Fruit-bearing trees originate on Sirius, Ray tells me, according to a lecture on the Transcendentalists he'd just been to at the Southgate Centre.

“He must be missing home,” says Ray.

“But you said he was a Dogon,” I say.

“Same thing,” says Ray.

“Do stop all that crap,” says Alden. He makes a speech. “You're a natural hypnotist, that's all it is.
Fourth Path, my ass. Joan's a happy little sex slave, a sub to my dom, a bottom to my top, not a route to higher powers, not an approach to the transcendental, just a help in getting some rather important atonal music written. Stick with the lectures on Japanese rope bondage, leave the rest to me. You get more of a hard-on down the Divan than up at Southgate with the dreamers, not that that's saying much. Nor is Lam an alien, he's the guy who pushes my chair about and helps me organize my sex life. You haven't touched that fucking painting for days.”

But the oranges glitter their reflection into all the little mirrors on the canvas, ninety-three of them, and suddenly the whole room seems ablaze, throwing back flashes of color as the oranges whirl, reds and oranges, mixed with the blue of the base to add purples, from each to each, back and back into infinity. And even Alden seems quite awed and is silent.

And in the silence of my own head Vanessa is starting up again about the number 93. Why was Crowley so fascinated by it? Was it just because he happened to rent rooms on the fourth floor at No. 93 Jermyn Street, above Paxton's, the famous cheese shop? Vanessa's over-heated mind whizzes through the references. Aleister Crowley moved in to No. 93 with his new wife Rose on March 25th 1907, the Great Beast 666, founder of Crowleyanity and preacher of the Law of Thelema. He was 29. His life had already been marked by excess and odd events. He had written
peculiar but much-admired poetry, he had alarmed society with his odd views on sex and religion, he had gathered a crew of literary occultists round him—W.B. Yeats, Arthur Machen, Saki, Synge, Jepson, Wilde—and artists too—Marcel Duchamp, Nina Hammett, Epstein—and quarreled bitterly and publicly with most of them.

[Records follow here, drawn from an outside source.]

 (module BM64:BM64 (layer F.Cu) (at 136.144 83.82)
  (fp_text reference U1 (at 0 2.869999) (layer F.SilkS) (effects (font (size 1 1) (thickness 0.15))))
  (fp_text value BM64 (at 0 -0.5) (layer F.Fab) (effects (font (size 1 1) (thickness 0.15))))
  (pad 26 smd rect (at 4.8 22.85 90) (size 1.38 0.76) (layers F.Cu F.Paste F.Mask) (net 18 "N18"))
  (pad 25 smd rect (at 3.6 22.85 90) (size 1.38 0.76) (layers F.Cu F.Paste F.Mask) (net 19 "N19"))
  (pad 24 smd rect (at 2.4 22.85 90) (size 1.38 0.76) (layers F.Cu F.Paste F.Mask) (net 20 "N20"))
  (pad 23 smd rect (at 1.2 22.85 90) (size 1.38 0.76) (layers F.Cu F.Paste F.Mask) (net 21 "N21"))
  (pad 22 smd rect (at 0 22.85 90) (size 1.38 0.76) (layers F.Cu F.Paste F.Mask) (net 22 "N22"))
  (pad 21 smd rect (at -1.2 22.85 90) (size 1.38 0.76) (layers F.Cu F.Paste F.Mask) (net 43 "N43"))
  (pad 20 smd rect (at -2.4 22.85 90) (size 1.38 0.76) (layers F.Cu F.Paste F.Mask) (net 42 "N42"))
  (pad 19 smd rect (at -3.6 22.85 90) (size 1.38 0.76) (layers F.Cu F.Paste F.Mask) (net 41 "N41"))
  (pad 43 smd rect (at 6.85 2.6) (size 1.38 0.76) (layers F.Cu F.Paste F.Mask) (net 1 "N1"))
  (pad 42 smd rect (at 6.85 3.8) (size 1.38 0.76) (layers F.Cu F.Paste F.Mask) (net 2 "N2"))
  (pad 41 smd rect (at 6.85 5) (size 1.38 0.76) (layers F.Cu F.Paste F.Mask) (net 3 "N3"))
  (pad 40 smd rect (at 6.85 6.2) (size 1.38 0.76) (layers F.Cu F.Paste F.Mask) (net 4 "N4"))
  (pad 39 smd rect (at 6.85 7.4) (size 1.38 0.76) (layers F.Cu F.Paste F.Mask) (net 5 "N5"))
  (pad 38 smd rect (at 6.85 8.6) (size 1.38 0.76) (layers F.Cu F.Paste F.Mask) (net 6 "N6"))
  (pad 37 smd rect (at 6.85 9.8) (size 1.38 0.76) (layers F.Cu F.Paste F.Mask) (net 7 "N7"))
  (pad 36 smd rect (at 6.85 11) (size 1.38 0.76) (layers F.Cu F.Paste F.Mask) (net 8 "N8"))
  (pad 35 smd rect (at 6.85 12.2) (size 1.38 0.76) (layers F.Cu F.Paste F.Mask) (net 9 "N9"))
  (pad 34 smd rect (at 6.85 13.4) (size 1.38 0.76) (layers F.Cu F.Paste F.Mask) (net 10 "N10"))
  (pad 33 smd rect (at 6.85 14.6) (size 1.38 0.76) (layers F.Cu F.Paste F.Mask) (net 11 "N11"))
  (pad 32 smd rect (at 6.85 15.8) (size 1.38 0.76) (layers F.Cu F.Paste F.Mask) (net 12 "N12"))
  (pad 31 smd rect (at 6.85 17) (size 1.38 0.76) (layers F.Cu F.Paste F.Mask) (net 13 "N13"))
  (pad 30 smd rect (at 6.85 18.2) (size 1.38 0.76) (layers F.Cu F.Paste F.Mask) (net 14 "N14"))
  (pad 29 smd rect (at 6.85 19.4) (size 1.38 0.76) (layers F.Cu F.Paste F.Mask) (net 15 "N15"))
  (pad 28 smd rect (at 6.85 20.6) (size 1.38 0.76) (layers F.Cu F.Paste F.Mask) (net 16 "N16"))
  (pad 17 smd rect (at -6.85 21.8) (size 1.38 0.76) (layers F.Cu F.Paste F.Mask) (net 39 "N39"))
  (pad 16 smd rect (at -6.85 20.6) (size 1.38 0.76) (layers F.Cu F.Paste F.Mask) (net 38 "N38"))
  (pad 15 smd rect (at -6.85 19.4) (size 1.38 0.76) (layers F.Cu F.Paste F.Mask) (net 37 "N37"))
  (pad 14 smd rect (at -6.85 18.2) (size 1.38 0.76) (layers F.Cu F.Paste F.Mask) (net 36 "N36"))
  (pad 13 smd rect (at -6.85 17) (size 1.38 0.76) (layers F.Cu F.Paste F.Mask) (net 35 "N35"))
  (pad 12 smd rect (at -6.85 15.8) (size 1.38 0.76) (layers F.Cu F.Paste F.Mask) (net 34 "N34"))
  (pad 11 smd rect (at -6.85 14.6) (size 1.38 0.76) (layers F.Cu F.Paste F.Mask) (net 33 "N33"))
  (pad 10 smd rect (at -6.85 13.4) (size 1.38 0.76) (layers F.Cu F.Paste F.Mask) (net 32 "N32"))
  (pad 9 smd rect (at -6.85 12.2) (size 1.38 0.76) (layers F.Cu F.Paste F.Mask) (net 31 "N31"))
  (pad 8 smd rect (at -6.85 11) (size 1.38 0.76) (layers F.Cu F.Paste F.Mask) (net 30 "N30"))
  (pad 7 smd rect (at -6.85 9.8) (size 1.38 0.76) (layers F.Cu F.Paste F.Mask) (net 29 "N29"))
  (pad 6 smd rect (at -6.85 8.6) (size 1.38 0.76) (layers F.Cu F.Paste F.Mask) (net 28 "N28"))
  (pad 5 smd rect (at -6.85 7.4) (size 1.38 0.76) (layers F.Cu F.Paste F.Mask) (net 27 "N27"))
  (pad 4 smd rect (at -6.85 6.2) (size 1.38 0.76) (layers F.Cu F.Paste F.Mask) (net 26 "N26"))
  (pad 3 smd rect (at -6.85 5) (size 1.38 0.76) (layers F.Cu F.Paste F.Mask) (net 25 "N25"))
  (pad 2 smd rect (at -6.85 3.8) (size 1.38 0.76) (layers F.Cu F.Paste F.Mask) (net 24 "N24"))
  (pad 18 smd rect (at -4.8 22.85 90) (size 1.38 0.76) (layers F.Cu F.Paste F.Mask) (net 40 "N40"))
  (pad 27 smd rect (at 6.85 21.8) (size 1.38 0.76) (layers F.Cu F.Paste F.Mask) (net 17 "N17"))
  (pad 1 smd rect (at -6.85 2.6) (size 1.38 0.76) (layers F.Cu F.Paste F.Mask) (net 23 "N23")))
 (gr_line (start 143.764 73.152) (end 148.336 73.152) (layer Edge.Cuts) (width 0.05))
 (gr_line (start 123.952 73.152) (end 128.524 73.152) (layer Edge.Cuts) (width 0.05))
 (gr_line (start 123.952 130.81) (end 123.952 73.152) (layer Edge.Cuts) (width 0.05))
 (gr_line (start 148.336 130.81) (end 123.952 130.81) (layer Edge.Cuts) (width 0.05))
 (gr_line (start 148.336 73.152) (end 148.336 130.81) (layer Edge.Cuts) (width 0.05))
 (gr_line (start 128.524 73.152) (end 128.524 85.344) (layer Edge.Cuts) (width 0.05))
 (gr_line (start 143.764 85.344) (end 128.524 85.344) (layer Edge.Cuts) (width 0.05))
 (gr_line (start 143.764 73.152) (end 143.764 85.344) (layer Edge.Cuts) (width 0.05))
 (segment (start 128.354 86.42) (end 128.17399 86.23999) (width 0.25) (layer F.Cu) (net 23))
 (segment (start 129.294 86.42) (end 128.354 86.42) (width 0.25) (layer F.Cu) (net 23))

He had already founded the Argentum Astri, Inner Order of the Thelemites: the Outer Order having become too petty and ordinary for its founder. He had won renown of all things as a mountaineer: in 1903 he had even been approached by the famous Dr. Jules Jacot-Guillarmod to accompany him on the first expedition to Kanchenjunga, the third largest mountain in the world, in Nepal. He had accepted. The team used the Singalila approach. Crowley led the trek. Four of its members failed to survive, swept away by an avalanche at 25,000 feet. (According to Crowley; others said 21,000.) Rumors abounded. The porters had wanted to turn back: their mountain gods were thunderous and angry. But Crowley, having his own hotline to his own powerful entities, insisted the party went on. The mountain gods won. Crowley fled and left his men to die. And all he had to say about it was “their disobedience resulted in things going wrong.”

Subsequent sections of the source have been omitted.